Still, change takes time. “The nature of processing continues to be multiple processing threads collaborating to complete some task,” says Millind Mittal, vice president for strategic architecture and fellow at Xilinx. “Even for heterogeneous architectures, one way to see the overall processing scope is that now, instead of homogeneous general-purpose processing (GP) threads on CPUs, work collaboration is among the processing threads that compromise GP threads and task-optimized processing (TP) threads.”

When the tasks are well understood, this can be avoided. “In a dataflow engine, coherence is less important, because you’re shipping the data that is moving on the edge directly from one accelerator to the other,” says Arteris’ Frank. “If you partition the data set, coherence gets in the way because it costs you extra cycles. You have to look up and provide the update information. But if you have a general accelerator type, say, a sea of equal processes with vector engines, coherency is the lifesaver because it allows you to rely on where the data is.”

That simplifies the design process. “Invariably there is a need for shared data structures between these collaborating threads,” says Xilinx’s Mittal. “Cache coherence helps in two ways — ease of achieving memory consistency for a shared data structure (no explicit software-driven coherence operation needed) or performance (when multiple threads have frequent access to a data structure). There are scalability and complexity issues with hardware-based coherency solutions.”

Some of these schemes can get even more complex for particular workflows. “Do I need caches because I need to multiply bandwidth?” asks Frank. “If I have to feed the same data to multiple engines, but I cannot feed the data multiple times out of a single cache, I copy data from main memory into multiple copies of caches. Now, you have to think about how to guarantee these copies remain consistent with each other. That leads us to coherency because now you have to make sure that multiple CPUs that share data, or multiple accelerators that share data, have a way to maintain coherency between them. Sometimes it’s really just as simple as a copy of each other. If it is one-time use, don’t bother with coherency. The effort that is required to make sure that data is coherent is probably too expensive.”

When initially adding coherence, the cost per node is relatively linear. “As the number of nodes increases, you have to make sure that everyone has a way to snoop or interrogate and make sure that other processors’ data is consistent and is coherent,” adds Frank. “It means that you need communication paths between each of the blocks. In addition, you need to make sure that you are not having glitches in the protocol, such as race conditions. You might check for data being at a place, and between you checking the data and getting the response, something has happened to the state of the system. You may get stale information, so that means that the more agents you have, the more opportunities for race conditions, which means you have to create a protocol that is safe against it. In order to avoid going to every agent at a time, because that is expensive in power and time, you try to make a decision at some central point — like a directory, for example, that records if there are multiple copies of that cache lines in the system or if cache lines are shared between agents, or if the cache line is unique and it is only a single copy that is at agent 5. Then when you come and ask for the data, agent 5 will directly send it to you. You have costs that definitely grow linearly superlinearly.”

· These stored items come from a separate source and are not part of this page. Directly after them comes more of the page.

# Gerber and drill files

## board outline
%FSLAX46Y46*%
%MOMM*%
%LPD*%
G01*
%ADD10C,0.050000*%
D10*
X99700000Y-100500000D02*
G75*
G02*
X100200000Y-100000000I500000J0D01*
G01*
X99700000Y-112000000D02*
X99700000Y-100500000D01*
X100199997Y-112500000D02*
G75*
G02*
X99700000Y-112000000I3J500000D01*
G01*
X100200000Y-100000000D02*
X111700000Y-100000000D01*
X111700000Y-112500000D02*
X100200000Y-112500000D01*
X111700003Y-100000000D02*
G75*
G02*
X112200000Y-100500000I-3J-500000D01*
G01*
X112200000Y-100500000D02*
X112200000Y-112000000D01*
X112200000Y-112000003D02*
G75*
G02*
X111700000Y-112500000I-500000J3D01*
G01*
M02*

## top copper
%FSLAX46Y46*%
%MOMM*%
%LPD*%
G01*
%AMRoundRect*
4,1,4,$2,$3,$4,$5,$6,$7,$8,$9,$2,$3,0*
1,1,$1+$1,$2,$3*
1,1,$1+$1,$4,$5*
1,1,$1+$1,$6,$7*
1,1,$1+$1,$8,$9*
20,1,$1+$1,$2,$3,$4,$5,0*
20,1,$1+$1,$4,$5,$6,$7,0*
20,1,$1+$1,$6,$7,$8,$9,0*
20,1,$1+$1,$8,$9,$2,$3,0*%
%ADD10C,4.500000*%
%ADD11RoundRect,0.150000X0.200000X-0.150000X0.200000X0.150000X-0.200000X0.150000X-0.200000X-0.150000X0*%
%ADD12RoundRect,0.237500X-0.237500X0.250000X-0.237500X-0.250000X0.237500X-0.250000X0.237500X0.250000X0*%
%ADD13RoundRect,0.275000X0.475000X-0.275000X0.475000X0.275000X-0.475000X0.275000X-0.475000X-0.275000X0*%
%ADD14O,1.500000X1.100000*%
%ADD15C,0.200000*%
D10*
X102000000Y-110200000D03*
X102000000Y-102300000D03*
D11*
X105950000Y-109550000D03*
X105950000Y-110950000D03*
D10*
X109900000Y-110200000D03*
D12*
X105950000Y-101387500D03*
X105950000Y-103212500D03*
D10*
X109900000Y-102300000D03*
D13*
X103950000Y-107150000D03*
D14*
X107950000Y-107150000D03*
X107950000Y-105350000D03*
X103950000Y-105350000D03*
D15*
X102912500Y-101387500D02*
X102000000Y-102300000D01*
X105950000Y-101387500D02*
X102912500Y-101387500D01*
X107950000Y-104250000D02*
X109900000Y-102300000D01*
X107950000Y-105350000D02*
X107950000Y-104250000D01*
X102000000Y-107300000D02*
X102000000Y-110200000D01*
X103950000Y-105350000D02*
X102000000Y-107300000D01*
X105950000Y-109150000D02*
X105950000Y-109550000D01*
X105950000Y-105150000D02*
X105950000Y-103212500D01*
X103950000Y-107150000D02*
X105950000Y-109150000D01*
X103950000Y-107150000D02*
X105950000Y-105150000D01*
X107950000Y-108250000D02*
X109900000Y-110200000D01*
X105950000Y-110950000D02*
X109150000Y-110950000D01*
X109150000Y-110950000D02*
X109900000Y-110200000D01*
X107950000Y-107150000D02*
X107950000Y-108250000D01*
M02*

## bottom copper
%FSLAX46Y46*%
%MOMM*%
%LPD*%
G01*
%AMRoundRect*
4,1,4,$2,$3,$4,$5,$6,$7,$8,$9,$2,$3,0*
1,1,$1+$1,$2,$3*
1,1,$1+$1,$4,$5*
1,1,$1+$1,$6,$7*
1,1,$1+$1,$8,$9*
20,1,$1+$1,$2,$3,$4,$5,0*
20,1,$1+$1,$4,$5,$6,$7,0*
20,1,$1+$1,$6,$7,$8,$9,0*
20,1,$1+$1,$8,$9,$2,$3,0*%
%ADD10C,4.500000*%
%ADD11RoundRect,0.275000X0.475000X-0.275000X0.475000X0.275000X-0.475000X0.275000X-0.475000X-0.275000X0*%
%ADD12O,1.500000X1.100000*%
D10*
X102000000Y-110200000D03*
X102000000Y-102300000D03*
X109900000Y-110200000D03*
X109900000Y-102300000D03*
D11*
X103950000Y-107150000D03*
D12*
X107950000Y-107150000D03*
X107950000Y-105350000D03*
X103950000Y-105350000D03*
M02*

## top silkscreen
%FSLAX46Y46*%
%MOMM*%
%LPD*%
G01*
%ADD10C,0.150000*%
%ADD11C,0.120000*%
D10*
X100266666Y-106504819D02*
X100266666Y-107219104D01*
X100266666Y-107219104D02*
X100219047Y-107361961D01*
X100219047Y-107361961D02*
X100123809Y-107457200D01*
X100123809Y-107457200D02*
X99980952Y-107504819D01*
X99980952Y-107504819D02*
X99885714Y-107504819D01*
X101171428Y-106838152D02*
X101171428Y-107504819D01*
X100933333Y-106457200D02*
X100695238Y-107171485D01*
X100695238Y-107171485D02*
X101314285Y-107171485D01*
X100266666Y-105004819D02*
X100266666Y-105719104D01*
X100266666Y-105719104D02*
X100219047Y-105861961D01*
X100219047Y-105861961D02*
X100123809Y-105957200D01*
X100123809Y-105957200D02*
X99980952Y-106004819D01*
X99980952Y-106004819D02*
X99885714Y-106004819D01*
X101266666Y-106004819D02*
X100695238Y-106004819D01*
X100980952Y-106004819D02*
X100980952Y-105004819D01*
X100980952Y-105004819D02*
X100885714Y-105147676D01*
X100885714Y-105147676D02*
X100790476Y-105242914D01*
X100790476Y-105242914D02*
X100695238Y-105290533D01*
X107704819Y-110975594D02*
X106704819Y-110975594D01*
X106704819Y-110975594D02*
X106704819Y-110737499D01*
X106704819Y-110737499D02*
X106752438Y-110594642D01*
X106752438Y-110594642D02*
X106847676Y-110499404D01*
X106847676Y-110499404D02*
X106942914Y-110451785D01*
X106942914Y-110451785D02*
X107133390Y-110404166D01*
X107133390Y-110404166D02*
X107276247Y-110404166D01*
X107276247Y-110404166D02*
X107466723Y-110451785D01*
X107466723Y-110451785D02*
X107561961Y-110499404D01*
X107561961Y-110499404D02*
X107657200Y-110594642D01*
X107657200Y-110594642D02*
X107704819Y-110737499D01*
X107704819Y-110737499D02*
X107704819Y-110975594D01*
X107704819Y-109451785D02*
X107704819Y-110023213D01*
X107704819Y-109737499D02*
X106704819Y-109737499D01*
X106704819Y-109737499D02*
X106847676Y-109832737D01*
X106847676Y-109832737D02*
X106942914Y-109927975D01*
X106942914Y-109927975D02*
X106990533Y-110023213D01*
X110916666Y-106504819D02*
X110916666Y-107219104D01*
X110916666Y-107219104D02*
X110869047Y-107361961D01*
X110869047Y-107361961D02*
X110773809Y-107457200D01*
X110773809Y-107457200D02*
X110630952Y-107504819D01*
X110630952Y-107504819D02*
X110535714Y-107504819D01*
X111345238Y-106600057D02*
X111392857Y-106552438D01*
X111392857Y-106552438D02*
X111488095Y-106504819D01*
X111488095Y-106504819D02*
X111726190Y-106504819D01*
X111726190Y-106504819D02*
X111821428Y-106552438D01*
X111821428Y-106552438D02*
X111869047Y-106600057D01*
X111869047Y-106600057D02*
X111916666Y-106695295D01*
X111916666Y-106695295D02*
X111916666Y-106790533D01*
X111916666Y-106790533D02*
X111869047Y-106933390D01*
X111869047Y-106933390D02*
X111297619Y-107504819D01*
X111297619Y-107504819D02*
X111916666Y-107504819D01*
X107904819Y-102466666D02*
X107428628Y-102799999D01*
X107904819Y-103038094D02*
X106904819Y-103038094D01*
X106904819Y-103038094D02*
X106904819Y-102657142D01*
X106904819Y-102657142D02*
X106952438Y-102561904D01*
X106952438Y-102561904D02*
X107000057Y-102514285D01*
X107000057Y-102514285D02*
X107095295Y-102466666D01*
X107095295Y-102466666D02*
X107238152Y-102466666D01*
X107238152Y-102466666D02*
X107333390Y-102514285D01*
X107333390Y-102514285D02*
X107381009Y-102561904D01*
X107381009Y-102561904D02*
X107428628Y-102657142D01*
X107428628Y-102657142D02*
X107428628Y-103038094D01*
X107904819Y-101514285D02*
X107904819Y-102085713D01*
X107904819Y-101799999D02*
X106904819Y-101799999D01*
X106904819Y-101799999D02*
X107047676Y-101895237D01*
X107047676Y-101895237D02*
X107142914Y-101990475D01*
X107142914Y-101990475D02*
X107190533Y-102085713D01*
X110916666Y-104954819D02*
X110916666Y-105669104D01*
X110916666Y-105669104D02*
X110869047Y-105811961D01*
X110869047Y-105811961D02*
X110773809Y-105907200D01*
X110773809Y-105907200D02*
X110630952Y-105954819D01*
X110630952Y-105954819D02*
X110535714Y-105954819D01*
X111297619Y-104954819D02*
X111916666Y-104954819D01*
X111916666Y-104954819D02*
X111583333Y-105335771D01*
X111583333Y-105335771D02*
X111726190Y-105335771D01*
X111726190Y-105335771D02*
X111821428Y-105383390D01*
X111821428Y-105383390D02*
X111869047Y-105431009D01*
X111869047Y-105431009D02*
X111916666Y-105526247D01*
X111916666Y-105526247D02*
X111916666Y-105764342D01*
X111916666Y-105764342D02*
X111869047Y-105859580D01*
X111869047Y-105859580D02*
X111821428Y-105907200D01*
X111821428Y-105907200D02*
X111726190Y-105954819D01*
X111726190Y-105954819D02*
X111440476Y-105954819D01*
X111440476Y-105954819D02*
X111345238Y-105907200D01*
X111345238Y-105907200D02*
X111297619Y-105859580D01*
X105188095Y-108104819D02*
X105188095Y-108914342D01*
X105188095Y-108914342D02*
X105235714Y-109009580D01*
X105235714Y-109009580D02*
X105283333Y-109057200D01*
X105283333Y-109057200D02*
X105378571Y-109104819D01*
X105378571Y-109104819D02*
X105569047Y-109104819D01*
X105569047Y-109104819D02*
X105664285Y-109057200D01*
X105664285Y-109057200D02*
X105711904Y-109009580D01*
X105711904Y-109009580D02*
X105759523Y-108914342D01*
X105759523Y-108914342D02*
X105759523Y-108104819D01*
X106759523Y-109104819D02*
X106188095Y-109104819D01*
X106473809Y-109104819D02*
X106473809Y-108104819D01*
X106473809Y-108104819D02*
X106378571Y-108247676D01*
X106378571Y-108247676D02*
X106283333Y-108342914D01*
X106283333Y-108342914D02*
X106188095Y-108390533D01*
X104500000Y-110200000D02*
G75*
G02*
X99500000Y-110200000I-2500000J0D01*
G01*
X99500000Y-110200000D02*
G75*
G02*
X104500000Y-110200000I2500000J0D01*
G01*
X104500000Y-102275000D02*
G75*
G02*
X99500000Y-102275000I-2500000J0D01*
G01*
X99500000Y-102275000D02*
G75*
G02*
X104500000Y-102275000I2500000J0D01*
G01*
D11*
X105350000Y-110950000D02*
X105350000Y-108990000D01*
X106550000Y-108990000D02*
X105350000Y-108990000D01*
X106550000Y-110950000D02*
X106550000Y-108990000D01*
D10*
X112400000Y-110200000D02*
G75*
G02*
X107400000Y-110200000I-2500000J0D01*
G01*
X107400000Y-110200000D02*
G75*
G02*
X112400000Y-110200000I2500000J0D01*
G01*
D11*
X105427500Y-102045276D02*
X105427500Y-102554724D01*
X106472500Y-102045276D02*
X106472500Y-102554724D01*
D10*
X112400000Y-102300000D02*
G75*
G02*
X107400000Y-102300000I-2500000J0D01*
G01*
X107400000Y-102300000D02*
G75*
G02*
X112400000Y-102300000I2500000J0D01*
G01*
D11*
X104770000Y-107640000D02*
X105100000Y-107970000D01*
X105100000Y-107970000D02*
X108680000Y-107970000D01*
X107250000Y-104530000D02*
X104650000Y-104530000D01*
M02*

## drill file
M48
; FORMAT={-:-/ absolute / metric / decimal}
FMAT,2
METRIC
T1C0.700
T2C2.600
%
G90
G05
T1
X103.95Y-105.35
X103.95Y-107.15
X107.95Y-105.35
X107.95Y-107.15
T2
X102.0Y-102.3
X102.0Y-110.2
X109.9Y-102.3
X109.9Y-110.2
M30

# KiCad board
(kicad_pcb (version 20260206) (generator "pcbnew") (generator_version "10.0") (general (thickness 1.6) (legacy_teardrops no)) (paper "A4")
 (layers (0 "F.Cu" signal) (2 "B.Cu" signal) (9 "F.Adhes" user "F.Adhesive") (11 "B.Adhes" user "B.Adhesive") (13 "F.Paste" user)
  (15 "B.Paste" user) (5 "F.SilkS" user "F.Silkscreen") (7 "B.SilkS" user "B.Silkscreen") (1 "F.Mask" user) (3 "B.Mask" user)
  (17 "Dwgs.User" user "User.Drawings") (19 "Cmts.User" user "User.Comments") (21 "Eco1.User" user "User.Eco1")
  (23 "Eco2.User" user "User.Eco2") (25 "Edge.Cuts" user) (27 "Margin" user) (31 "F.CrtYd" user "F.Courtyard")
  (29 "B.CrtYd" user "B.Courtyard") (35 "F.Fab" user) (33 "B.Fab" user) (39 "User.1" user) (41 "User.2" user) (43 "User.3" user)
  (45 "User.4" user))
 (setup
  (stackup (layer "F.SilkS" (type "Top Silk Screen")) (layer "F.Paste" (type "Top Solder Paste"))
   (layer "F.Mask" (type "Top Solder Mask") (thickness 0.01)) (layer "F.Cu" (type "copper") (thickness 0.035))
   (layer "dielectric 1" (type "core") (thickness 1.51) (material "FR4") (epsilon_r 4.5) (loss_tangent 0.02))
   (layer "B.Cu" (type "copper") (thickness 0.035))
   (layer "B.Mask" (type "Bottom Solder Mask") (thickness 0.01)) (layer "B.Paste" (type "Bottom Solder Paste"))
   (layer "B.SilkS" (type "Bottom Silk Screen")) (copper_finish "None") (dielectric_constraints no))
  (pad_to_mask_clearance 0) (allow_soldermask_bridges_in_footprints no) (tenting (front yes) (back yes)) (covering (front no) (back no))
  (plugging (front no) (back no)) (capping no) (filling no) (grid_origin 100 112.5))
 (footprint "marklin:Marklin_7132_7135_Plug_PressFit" (layer "F.Cu") (at 102 110.2)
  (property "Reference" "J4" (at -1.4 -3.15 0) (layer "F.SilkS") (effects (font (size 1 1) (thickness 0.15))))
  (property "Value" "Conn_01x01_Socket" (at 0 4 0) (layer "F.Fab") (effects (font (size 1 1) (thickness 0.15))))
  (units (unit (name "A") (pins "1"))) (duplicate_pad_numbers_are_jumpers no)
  (fp_circle (center 0 0) (end 2.5 0) (stroke (width 0.15) (type solid)) (fill no) (layer "F.SilkS"))
  (pad "1" thru_hole circle (at 0 0) (size 4.5 4.5) (drill 2.6) (layers "*.Cu" "*.Mask") (remove_unused_layers no) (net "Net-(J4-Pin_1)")))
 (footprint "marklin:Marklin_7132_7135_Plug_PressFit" (layer "F.Cu") (at 102 102.275)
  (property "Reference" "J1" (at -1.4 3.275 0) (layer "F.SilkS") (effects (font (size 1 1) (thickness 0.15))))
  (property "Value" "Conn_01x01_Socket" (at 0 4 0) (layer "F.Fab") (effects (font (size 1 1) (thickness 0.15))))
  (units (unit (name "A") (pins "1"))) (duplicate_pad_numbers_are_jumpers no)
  (fp_circle (center 0 0) (end 2.5 0) (stroke (width 0.15) (type solid)) (fill no) (layer "F.SilkS"))
  (pad "1" thru_hole circle (at 0 0.025) (size 4.5 4.5) (drill 2.6) (layers "*.Cu" "*.Mask") (remove_unused_layers no)
   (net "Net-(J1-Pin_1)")))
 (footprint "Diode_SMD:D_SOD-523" (layer "F.Cu") (at 105.95 110.25 -90)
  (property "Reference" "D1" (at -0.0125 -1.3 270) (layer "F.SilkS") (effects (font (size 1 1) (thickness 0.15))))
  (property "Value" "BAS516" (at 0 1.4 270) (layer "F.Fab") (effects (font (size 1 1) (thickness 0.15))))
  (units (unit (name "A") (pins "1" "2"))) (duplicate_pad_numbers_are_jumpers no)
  (fp_line (start 0.7 0.6) (end -1.26 0.6) (stroke (width 0.12) (type solid)) (layer "F.SilkS"))
  (fp_line (start -1.26 -0.6) (end -1.26 0.6) (stroke (width 0.12) (type solid)) (layer "F.SilkS"))
  (fp_line (start 0.7 -0.6) (end -1.26 -0.6) (stroke (width 0.12) (type solid)) (layer "F.SilkS"))
  (pad "1" smd roundrect (at -0.7 0 90) (size 0.6 0.7) (layers "F.Cu" "F.Mask" "F.Paste") (roundrect_rratio 0.25) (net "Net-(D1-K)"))
  (pad "2" smd roundrect (at 0.7 0 90) (size 0.6 0.7) (layers "F.Cu" "F.Mask" "F.Paste") (roundrect_rratio 0.25) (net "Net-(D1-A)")))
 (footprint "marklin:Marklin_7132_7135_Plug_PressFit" (layer "F.Cu") (at 109.9 110.2 -90)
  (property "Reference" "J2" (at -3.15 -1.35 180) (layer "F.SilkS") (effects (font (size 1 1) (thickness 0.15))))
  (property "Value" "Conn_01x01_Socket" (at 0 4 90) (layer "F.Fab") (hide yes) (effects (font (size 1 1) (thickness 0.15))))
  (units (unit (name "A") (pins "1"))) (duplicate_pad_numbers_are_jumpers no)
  (fp_circle (center 0 0) (end 2.5 0) (stroke (width 0.15) (type solid)) (fill no) (layer "F.SilkS"))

The full cost has to be fully considered. “Coherency is complicated and expensive to implement in silicon,” says Simon Davidmann, founder and CEO for Imperas Software. “When you go to multiple levels of caching, the memory hierarchy becomes more and more complex, and increasingly it’s full of bugs and consumes larger amounts of power.”

“Gone are the days when it was sufficient to worry only about cache coherency,” says Breker’s Hamid. “Now we must validate system coherency where critical dirty data is not only in a cache far, far away, but highly likely to be in transit somewhere in the network. All this data must remain consistent through traversals of cross-network security firewalls, while various sub-systems along the way are being clock-and voltage-throttled for power management.”

The primary reason to add cache is to improve performance. “The credit goes to Dave Patterson, who introduced well-known analytical methods for performance analysis,” says Frank. “He did all the ground work to make informed decisions about what to build. It is a mixture of art and science. You need to understand what you’re trying to do, but you really have to look at what an algorithm is going to do. Then you can analyze your algorithm for dataflow and for execution sequences. You try to make sure that you can group things into areas. When you have identified flow patterns, you can start to build a model. Using experience and back-of-the-envelope calculation, you propose an architecture. Then you run the model against it and make sure and validate your assumptions.”

How much art is involved? “You can do some calculations for performance, but we can never model the details of the cache subsystems,” warns Imperas’ Davidmann. “We can from a functionality point of view, but not from a performance point of view. We can only provide approximations. For example, with an instruction-accurate model, you don’t model the instruction pipelines, so you don’t know which order memory accesses come in. This can happen because of things like prefetches, branch predictions, and speculative execution. All of those require instruction and data fetch that are out of order. Each of those can change the data in the caches. They might never actually be retired, or they might be discarded. So you might see access to the cache that doesn’t follow program flow.”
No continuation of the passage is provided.